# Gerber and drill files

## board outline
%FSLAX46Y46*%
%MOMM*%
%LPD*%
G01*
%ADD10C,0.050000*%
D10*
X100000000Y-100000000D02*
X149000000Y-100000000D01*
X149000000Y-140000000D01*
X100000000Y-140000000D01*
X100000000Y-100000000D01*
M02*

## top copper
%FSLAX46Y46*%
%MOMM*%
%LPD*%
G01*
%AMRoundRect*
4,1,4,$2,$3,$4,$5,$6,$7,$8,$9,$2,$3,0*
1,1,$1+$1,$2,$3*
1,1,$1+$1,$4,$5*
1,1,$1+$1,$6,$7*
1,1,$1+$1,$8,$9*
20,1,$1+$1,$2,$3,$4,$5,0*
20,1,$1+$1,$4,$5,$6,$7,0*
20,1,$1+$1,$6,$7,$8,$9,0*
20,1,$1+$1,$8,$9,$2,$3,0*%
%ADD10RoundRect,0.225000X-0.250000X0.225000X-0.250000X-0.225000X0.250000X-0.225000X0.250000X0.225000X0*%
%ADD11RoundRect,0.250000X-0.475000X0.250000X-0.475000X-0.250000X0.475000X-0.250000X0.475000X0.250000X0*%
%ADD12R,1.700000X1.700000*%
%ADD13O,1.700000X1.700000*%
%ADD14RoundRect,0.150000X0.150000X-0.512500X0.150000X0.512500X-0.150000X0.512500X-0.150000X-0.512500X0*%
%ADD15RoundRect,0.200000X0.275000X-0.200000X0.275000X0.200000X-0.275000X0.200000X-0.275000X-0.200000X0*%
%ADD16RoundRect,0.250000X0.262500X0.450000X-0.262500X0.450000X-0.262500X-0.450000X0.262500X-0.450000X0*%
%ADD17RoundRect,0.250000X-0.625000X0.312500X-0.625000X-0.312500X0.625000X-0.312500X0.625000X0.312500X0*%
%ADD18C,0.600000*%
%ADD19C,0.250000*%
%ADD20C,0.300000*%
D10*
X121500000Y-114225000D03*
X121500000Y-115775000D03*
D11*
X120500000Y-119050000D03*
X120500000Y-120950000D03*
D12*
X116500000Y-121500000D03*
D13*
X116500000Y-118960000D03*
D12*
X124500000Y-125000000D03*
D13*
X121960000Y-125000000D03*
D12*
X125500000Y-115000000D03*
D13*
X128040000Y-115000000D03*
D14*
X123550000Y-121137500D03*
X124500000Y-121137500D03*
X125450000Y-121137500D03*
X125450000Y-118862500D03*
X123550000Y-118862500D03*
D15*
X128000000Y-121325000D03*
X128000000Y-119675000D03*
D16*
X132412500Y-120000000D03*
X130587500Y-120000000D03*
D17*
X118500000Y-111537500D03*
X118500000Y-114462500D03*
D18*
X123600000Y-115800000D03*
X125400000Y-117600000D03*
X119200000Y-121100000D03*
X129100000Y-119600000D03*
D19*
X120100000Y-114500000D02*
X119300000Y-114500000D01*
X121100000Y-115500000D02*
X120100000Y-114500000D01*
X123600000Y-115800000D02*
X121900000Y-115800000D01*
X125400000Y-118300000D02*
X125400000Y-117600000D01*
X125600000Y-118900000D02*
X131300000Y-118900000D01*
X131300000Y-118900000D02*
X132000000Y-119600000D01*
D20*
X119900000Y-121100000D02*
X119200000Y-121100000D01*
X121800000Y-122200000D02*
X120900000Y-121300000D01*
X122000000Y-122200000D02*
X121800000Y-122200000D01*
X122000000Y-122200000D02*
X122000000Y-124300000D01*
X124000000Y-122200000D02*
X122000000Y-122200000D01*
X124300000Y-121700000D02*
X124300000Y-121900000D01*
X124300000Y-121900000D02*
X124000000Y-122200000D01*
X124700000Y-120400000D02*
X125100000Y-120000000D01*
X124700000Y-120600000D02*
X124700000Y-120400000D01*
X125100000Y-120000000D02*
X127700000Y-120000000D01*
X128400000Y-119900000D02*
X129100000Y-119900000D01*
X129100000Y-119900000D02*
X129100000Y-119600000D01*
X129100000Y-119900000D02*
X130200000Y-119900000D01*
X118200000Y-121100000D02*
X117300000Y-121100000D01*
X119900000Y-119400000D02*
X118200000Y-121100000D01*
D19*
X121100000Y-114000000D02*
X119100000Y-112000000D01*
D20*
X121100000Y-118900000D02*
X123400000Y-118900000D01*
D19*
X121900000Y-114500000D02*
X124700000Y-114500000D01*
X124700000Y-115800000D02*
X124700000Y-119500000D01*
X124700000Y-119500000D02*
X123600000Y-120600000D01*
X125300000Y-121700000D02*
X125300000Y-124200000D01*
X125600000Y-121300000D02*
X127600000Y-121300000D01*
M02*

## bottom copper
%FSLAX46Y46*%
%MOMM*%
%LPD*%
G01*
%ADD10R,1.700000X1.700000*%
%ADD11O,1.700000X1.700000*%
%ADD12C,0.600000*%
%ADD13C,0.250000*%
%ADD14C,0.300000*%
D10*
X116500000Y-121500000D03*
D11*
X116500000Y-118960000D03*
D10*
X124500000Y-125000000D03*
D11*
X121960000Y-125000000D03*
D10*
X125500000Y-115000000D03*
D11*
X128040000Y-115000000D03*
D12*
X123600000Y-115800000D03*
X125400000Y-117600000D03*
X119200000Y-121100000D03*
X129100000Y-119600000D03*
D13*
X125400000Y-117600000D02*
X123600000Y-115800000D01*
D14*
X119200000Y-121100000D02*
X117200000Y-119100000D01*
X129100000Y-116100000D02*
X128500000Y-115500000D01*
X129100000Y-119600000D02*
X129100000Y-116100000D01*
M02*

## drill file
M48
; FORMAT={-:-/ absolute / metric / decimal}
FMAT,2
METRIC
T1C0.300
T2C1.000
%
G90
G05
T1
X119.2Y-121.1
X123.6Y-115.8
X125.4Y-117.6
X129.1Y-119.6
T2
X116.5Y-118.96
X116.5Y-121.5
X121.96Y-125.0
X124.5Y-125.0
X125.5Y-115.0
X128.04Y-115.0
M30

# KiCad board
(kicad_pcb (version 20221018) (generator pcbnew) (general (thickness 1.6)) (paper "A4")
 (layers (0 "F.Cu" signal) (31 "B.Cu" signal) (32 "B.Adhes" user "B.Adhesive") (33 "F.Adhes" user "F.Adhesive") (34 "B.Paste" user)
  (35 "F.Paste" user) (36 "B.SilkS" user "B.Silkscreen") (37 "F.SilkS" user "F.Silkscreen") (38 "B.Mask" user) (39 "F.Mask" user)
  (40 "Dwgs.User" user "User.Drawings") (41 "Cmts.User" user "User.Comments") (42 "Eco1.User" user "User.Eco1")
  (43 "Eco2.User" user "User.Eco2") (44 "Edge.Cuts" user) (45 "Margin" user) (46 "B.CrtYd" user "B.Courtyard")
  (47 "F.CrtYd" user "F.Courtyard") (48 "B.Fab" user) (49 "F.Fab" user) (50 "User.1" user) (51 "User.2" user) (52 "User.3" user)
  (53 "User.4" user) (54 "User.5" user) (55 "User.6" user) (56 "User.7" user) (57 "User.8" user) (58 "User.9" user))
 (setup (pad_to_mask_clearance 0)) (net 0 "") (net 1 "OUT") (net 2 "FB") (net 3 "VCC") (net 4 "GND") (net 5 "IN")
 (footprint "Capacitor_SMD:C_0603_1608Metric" (layer "F.Cu") (at 121.5 115 -90)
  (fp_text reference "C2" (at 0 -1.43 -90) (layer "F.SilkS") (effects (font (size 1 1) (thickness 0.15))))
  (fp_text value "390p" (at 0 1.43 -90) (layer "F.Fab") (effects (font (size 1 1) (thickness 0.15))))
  (pad "1" smd roundrect (at -0.775 0 270) (size 0.9 0.95) (layers "F.Cu" "F.Paste" "F.Mask") (roundrect_rratio 0.25) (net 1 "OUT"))
  (pad "2" smd roundrect (at 0.775 0 270) (size 0.9 0.95) (layers "F.Cu" "F.Paste" "F.Mask") (roundrect_rratio 0.25) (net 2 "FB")))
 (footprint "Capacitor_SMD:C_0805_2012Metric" (layer "F.Cu") (at 120.5 120 -90)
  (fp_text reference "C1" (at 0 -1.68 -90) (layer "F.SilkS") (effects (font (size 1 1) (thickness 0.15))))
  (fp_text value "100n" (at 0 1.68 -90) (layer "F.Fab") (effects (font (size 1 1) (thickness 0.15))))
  (pad "1" smd roundrect (at -0.95 0 270) (size 1 1.45) (layers "F.Cu" "F.Paste" "F.Mask") (roundrect_rratio 0.25) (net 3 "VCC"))
  (pad "2" smd roundrect (at 0.95 0 270) (size 1 1.45) (layers "F.Cu" "F.Paste" "F.Mask") (roundrect_rratio 0.25) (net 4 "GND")))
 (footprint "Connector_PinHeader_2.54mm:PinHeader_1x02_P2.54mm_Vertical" (layer "F.Cu") (at 116.5 121.5 180)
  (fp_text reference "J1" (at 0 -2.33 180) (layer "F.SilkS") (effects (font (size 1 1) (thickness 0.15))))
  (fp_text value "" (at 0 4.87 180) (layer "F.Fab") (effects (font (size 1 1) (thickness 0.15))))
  (pad "1" thru_hole rect (at 0 0 180) (size 1.7 1.7) (drill 1) (layers "*.Cu" "*.Mask") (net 3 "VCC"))
  (pad "2" thru_hole oval (at 0 2.54 180) (size 1.7 1.7) (drill 1) (layers "*.Cu" "*.Mask") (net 4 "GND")))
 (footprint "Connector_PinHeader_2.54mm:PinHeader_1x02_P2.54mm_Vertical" (layer "F.Cu") (at 124.5 125 -90)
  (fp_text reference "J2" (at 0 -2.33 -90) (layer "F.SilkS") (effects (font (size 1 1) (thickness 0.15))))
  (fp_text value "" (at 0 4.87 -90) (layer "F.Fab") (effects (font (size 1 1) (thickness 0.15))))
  (pad "1" thru_hole rect (at 0 0 270) (size 1.7 1.7) (drill 1) (layers "*.Cu" "*.Mask") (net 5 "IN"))
  (pad "2" thru_hole oval (at 0 2.54 270) (size 1.7 1.7) (drill 1) (layers "*.Cu" "*.Mask") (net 4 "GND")))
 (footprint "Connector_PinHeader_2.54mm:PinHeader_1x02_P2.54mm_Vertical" (layer "F.Cu") (at 125.5 115 90)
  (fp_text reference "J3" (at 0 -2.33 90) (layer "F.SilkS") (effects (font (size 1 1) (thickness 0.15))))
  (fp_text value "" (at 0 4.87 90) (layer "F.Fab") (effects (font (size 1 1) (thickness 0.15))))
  (pad "1" thru_hole rect (at 0 0 90) (size 1.7 1.7) (drill 1) (layers "*.Cu" "*.Mask") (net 1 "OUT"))
  (pad "2" thru_hole oval (at 0 2.54 90) (size 1.7 1.7) (drill 1) (layers "*.Cu" "*.Mask") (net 4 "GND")))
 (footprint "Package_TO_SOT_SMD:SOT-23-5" (layer "F.Cu") (at 124.5 120 90)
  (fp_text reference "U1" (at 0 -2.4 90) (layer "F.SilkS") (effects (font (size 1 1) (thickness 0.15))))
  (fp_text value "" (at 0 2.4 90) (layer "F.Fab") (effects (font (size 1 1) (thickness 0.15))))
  (pad "1" smd roundrect (at -1.1375 -0.95 90) (size 1.325 0.6) (layers "F.Cu" "F.Paste" "F.Mask") (roundrect_rratio 0.25) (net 1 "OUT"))
  (pad "2" smd roundrect (at -1.1375 0 90) (size 1.325 0.6) (layers "F.Cu" "F.Paste" "F.Mask") (roundrect_rratio 0.25) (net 4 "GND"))
  (pad "3" smd roundrect (at -1.1375 0.95 90) (size 1.325 0.6) (layers "F.Cu" "F.Paste" "F.Mask") (roundrect_rratio 0.25) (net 5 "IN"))
  (pad "4" smd roundrect (at 1.1375 0.95 90) (size 1.325 0.6) (layers "F.Cu" "F.Paste" "F.Mask") (roundrect_rratio 0.25) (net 2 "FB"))
  (pad "5" smd roundrect (at 1.1375 -0.95 90) (size 1.325 0.6) (layers "F.Cu" "F.Paste" "F.Mask") (roundrect_rratio 0.25) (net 3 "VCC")))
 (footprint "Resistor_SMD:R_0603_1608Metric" (layer "F.Cu") (at 128 120.5 90)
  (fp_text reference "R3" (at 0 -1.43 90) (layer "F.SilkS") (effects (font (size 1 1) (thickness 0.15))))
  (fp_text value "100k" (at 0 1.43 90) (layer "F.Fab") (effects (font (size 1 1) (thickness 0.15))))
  (pad "1" smd roundrect (at -0.825 0 90) (size 0.8 0.95) (layers "F.Cu" "F.Paste" "F.Mask") (roundrect_rratio 0.25) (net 5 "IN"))
  (pad "2" smd roundrect (at 0.825 0 90) (size 0.8 0.95) (layers "F.Cu" "F.Paste" "F.Mask") (roundrect_rratio 0.25) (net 4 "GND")))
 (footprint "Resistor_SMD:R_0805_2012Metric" (layer "F.Cu") (at 131.5 120 180)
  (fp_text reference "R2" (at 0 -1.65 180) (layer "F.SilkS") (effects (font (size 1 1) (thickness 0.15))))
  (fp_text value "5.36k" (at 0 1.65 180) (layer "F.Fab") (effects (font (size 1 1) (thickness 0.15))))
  (pad "1" smd roundrect (at -0.9125 0 180) (size 1.025 1.4) (layers "F.Cu" "F.Paste" "F.Mask") (roundrect_rratio 0.243902) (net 2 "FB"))
  (pad "2" smd roundrect (at 0.9125 0 180) (size 1.025 1.4) (layers "F.Cu" "F.Paste" "F.Mask") (roundrect_rratio 0.243902) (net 4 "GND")))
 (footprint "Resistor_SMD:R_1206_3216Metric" (layer "F.Cu") (at 118.5 113 -90)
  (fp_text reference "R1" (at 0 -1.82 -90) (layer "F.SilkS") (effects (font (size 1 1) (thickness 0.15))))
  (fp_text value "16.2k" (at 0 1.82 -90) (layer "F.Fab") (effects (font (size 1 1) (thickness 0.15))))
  (pad "1" smd roundrect (at -1.4625 0 270) (size 1.125 1.75) (layers "F.Cu" "F.Paste" "F.Mask") (roundrect_rratio 0.222222) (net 1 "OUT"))
  (pad "2" smd roundrect (at 1.4625 0 270) (size 1.125 1.75) (layers "F.Cu" "F.Paste" "F.Mask") (roundrect_rratio 0.222222) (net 2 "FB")))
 (gr_rect (start 100 100) (end 149 140) (stroke (width 0.05) (type default)) (fill none) (layer "Edge.Cuts"))
 (segment (start 120.1 114.5) (end 119.3 114.5) (width 0.25) (layer "F.Cu") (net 2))
 (segment (start 121.1 115.5) (end 120.1 114.5) (width 0.25) (layer "F.Cu") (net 2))
 (segment (start 123.6 115.8) (end 121.9 115.8) (width 0.25) (layer "F.Cu") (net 2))
 (segment (start 125.4 118.3) (end 125.4 117.6) (width 0.25) (layer "F.Cu") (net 2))
 (segment (start 125.6 118.9) (end 131.3 118.9) (width 0.25) (layer "F.Cu") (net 2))
 (segment (start 131.3 118.9) (end 132 119.6) (width 0.25) (layer "F.Cu") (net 2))
 (via (at 123.6 115.8) (size 0.6) (drill 0.3) (layers "F.Cu" "B.Cu") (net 2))
 (via (at 125.4 117.6) (size 0.6) (drill 0.3) (layers "F.Cu" "B.Cu") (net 2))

Work item:
Print the records verbatim, stopping after the "X132412500Y-120000000D03*" line.

Solved problem:
# Gerber and drill files

## board outline
%FSLAX46Y46*%
%MOMM*%
%LPD*%
G01*
%ADD10C,0.050000*%
D10*
X100000000Y-100000000D02*
X149000000Y-100000000D01*
X149000000Y-140000000D01*
X100000000Y-140000000D01*
X100000000Y-100000000D01*
M02*

## top copper
%FSLAX46Y46*%
%MOMM*%
%LPD*%
G01*
%AMRoundRect*
4,1,4,$2,$3,$4,$5,$6,$7,$8,$9,$2,$3,0*
1,1,$1+$1,$2,$3*
1,1,$1+$1,$4,$5*
1,1,$1+$1,$6,$7*
1,1,$1+$1,$8,$9*
20,1,$1+$1,$2,$3,$4,$5,0*
20,1,$1+$1,$4,$5,$6,$7,0*
20,1,$1+$1,$6,$7,$8,$9,0*
20,1,$1+$1,$8,$9,$2,$3,0*%
%ADD10RoundRect,0.225000X-0.250000X0.225000X-0.250000X-0.225000X0.250000X-0.225000X0.250000X0.225000X0*%
%ADD11RoundRect,0.250000X-0.475000X0.250000X-0.475000X-0.250000X0.475000X-0.250000X0.475000X0.250000X0*%
%ADD12R,1.700000X1.700000*%
%ADD13O,1.700000X1.700000*%
%ADD14RoundRect,0.150000X0.150000X-0.512500X0.150000X0.512500X-0.150000X0.512500X-0.150000X-0.512500X0*%
%ADD15RoundRect,0.200000X0.275000X-0.200000X0.275000X0.200000X-0.275000X0.200000X-0.275000X-0.200000X0*%
%ADD16RoundRect,0.250000X0.262500X0.450000X-0.262500X0.450000X-0.262500X-0.450000X0.262500X-0.450000X0*%
%ADD17RoundRect,0.250000X-0.625000X0.312500X-0.625000X-0.312500X0.625000X-0.312500X0.625000X0.312500X0*%
%ADD18C,0.600000*%
%ADD19C,0.250000*%
%ADD20C,0.300000*%
D10*
X121500000Y-114225000D03*
X121500000Y-115775000D03*
D11*
X120500000Y-119050000D03*
X120500000Y-120950000D03*
D12*
X116500000Y-121500000D03*
D13*
X116500000Y-118960000D03*
D12*
X124500000Y-125000000D03*
D13*
X121960000Y-125000000D03*
D12*
X125500000Y-115000000D03*
D13*
X128040000Y-115000000D03*
D14*
X123550000Y-121137500D03*
X124500000Y-121137500D03*
X125450000Y-121137500D03*
X125450000Y-118862500D03*
X123550000Y-118862500D03*
D15*
X128000000Y-121325000D03*
X128000000Y-119675000D03*
D16*
X132412500Y-120000000D03*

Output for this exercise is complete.